The prevalence of VDD (25OHD <12 ng/mL), vitamin D insufficiency (VDI, 25OHD 12-20 ng/mL) and vitamin D sufficiency (VDS, 25OHD >20 ng/mL) was 11.2% (95% CI 8.0%-14.4%), 12.2% (95% CI 8.9%-15.5%), and 76.5% (95% CI 72.3%-80.8%) respectively. There was no difference in the mean age, head circumference, length, or weight of infants in VDD, VDI, and VDS groups. PTH was elevated when 25OHD was <12 ng/mL and normal when 25OHD was between 12-20 ng/mL. 25OHD and PTH were normal in infants whose mothers received vitamin D supplements. Infants who received <30 minutes/day of exposure to sunlight were 5 times more likely to have VDI than infants who received ≥30 minutes/day ( = 0.042).

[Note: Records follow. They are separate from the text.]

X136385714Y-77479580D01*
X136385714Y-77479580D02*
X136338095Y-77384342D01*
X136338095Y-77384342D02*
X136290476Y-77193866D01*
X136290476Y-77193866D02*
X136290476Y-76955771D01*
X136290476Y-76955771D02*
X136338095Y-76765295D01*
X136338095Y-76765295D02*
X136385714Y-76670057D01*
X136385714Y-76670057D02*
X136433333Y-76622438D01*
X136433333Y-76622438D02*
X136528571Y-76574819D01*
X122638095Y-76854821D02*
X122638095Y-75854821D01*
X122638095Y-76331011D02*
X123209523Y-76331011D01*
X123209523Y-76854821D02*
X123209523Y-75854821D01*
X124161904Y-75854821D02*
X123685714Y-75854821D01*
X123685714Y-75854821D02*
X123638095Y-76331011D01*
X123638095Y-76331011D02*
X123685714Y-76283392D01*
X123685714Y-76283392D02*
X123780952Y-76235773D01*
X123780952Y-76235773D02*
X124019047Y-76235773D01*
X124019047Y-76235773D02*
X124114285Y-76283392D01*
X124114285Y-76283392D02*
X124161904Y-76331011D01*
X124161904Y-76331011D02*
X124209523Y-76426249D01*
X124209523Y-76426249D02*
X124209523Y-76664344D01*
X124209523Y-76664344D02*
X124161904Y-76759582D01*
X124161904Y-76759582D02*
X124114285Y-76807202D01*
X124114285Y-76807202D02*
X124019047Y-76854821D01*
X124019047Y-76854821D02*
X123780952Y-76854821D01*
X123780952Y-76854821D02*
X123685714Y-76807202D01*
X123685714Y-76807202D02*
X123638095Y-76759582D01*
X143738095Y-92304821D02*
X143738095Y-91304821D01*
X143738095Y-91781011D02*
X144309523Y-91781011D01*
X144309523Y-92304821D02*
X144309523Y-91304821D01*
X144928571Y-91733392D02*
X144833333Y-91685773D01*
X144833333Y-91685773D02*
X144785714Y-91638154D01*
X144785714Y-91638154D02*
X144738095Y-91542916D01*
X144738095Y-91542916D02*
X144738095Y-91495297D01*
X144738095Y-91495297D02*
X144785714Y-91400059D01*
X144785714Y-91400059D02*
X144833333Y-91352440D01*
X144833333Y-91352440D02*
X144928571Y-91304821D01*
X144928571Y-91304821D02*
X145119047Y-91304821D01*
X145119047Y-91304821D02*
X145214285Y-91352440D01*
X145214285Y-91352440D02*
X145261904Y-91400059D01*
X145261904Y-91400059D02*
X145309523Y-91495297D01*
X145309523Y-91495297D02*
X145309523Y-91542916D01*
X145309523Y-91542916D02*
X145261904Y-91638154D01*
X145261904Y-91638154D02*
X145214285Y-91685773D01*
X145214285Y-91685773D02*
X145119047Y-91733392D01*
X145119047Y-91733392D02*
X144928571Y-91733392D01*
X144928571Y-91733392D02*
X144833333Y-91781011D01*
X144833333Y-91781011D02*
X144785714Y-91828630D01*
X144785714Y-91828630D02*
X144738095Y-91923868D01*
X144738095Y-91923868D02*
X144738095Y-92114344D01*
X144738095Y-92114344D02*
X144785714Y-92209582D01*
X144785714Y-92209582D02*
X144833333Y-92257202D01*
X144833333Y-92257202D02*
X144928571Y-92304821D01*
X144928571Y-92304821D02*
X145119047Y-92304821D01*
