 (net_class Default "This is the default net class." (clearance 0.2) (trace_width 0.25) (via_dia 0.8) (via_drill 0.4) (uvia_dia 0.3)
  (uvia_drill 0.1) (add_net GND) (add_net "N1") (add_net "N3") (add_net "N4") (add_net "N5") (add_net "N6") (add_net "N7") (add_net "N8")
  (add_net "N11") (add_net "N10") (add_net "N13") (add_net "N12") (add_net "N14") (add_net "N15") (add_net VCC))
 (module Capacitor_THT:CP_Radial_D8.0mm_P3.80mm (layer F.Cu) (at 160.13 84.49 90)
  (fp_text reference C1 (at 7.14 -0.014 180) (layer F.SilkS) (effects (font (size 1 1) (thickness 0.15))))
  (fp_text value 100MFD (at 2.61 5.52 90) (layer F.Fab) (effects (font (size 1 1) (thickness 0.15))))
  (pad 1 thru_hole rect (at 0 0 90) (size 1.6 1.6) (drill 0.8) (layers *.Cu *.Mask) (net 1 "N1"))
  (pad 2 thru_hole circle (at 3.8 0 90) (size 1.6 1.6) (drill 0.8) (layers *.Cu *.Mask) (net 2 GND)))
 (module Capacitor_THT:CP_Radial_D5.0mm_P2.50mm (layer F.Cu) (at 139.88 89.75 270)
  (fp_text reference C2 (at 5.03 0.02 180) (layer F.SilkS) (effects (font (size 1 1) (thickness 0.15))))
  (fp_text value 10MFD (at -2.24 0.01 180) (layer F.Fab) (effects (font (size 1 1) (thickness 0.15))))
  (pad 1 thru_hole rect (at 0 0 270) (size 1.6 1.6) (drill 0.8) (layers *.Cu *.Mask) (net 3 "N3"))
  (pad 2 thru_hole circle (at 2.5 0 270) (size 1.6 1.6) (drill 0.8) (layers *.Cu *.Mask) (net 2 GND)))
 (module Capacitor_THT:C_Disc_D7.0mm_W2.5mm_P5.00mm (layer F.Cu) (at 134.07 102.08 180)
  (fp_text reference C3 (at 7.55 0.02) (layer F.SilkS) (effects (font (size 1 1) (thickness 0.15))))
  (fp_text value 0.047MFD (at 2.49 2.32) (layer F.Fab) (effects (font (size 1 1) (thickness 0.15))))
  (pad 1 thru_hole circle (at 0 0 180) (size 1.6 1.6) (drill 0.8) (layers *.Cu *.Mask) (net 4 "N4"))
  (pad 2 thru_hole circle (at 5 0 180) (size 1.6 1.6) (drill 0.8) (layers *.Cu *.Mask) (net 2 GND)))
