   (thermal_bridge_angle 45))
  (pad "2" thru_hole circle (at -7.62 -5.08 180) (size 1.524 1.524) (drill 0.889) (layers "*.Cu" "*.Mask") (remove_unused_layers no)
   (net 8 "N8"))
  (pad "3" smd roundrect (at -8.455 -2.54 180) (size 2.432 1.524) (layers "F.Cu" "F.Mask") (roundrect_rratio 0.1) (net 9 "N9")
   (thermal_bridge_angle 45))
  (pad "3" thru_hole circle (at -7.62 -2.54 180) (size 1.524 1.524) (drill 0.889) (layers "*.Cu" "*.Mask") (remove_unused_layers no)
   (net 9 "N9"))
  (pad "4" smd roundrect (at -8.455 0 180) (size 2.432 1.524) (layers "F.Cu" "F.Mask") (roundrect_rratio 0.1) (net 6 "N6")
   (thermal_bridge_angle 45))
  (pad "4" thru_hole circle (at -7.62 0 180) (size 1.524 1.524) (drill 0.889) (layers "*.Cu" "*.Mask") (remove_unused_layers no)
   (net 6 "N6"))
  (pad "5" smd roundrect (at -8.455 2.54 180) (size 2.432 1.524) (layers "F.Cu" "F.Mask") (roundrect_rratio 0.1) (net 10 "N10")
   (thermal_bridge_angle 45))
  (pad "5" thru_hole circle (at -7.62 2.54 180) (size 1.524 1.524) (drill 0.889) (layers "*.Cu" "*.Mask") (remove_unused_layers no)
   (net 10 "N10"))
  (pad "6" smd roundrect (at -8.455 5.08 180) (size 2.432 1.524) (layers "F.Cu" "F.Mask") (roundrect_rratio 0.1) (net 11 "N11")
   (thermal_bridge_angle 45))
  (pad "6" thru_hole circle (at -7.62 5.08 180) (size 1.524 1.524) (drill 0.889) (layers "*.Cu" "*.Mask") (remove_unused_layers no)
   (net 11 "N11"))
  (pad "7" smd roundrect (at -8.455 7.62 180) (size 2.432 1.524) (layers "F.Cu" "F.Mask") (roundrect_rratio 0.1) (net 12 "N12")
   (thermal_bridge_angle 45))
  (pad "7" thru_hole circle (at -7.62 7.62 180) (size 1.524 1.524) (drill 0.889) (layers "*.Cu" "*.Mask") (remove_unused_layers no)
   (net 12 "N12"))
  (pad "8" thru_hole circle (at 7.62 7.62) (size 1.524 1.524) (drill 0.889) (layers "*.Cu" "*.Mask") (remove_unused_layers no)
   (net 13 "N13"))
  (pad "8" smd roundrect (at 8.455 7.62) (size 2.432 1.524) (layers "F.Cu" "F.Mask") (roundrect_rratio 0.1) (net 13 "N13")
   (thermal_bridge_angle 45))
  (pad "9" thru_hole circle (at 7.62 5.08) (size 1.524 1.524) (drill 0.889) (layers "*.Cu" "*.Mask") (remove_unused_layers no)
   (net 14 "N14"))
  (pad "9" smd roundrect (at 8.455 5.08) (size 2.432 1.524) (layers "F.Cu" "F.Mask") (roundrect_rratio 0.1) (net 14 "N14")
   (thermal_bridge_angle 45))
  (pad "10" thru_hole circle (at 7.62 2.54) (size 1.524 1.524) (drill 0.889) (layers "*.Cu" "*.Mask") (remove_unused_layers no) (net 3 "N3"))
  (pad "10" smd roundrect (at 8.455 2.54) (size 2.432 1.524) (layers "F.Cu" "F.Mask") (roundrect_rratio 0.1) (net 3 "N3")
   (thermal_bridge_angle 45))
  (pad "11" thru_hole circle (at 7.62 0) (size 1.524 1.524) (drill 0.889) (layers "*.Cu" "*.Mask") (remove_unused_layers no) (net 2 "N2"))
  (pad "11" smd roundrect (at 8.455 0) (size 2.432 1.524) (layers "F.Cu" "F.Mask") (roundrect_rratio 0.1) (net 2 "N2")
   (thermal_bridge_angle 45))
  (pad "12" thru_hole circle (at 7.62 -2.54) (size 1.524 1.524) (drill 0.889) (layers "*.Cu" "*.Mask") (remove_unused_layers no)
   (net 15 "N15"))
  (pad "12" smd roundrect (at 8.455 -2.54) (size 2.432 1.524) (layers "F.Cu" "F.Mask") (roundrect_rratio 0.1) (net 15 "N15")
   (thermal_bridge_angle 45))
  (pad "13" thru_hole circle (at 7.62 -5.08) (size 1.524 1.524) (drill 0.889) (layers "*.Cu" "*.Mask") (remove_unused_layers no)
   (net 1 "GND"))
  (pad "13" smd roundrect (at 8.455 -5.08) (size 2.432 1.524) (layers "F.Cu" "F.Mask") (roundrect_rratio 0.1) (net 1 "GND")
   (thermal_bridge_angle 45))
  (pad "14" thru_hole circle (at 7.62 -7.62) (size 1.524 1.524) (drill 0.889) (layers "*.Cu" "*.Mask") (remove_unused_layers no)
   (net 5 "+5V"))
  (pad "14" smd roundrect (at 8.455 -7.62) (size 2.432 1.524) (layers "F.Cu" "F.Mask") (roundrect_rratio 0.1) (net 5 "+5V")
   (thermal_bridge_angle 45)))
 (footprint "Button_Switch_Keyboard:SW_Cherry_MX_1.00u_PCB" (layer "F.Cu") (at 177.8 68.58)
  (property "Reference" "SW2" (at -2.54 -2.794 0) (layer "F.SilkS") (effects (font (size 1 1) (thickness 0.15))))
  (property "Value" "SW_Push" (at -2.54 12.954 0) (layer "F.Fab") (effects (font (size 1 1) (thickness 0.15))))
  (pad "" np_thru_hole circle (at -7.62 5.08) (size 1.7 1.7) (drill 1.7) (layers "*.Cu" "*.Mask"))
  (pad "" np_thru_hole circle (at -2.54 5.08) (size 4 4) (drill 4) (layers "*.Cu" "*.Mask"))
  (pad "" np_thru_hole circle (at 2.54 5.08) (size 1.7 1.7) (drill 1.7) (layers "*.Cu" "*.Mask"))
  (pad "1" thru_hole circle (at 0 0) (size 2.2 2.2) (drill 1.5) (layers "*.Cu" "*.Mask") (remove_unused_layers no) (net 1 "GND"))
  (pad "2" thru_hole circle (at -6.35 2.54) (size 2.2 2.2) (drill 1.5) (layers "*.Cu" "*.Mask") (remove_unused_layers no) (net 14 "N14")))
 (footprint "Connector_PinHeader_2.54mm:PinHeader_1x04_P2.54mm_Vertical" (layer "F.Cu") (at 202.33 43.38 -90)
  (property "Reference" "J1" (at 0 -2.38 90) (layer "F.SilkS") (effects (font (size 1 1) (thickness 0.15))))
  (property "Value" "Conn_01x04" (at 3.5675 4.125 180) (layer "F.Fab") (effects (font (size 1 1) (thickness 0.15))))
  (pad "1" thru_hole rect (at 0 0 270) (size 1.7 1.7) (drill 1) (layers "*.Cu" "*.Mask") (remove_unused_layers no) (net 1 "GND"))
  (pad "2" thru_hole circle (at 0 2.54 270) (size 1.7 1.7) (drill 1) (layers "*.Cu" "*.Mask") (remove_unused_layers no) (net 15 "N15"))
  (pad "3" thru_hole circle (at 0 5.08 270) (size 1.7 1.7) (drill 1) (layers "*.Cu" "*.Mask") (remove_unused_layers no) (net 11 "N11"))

The prevalence of VDD in exclusively breastfed infants at AKUHN is low. The current national policy that recommends exclusive breastfeeding of infants in the first 6 months of life appears to be effective in staving off vitamin D deficiency but those infants with < 30 minutes sunlight exposure may benefit from low dose supplemental vitamin D during times of low sunlight exposure.
在肯尼亚内罗毕 Aga Khan 大学医院(AKUHN)确定纯母乳喂养婴儿的维生素 D 缺乏症(VDD)的流行率。还确定了 25-羟维生素 D;25OHD、甲状旁腺激素(PTH)、母亲维生素 D 补充剂和阳光暴露之间的关系。
对 98 名婴儿的血液进行 25OHD、钙、磷和 PTH 检测。使用描述性统计和推断分析(<0.05)分析社会人口统计学和临床特征。
VDD(25OHD <12ng/mL)、维生素 D 不足(VDI,25OHD 12-20ng/mL)和维生素 D 充足(VDS,25OHD >20ng/mL)的患病率分别为 11.2%(95%CI 8.0%-14.4%)、12.2%(95%CI 8.9%-15.5%)和 76.5%(95%CI 72.3%-80.8%)。25OHD 为<12ng/mL 时,PTH 升高,25OHD 在 12-20ng/mL 之间时,PTH 正常。接受维生素 D 补充剂的母亲的婴儿 25OHD 和 PTH 正常。每天接受阳光照射<30 分钟的婴儿发生 VDI 的可能性是每天接受阳光照射≥30 分钟的婴儿的 5 倍(=0.042)。
AKUHN 纯母乳喂养婴儿的 VDD 患病率较低。目前建议婴儿在生命的前 6 个月内进行纯母乳喂养的国家政策似乎有效地预防了维生素 D 缺乏症,但那些每天接受阳光照射<30 分钟的婴儿在阳光照射较少时可能需要补充低剂量的维生素 D。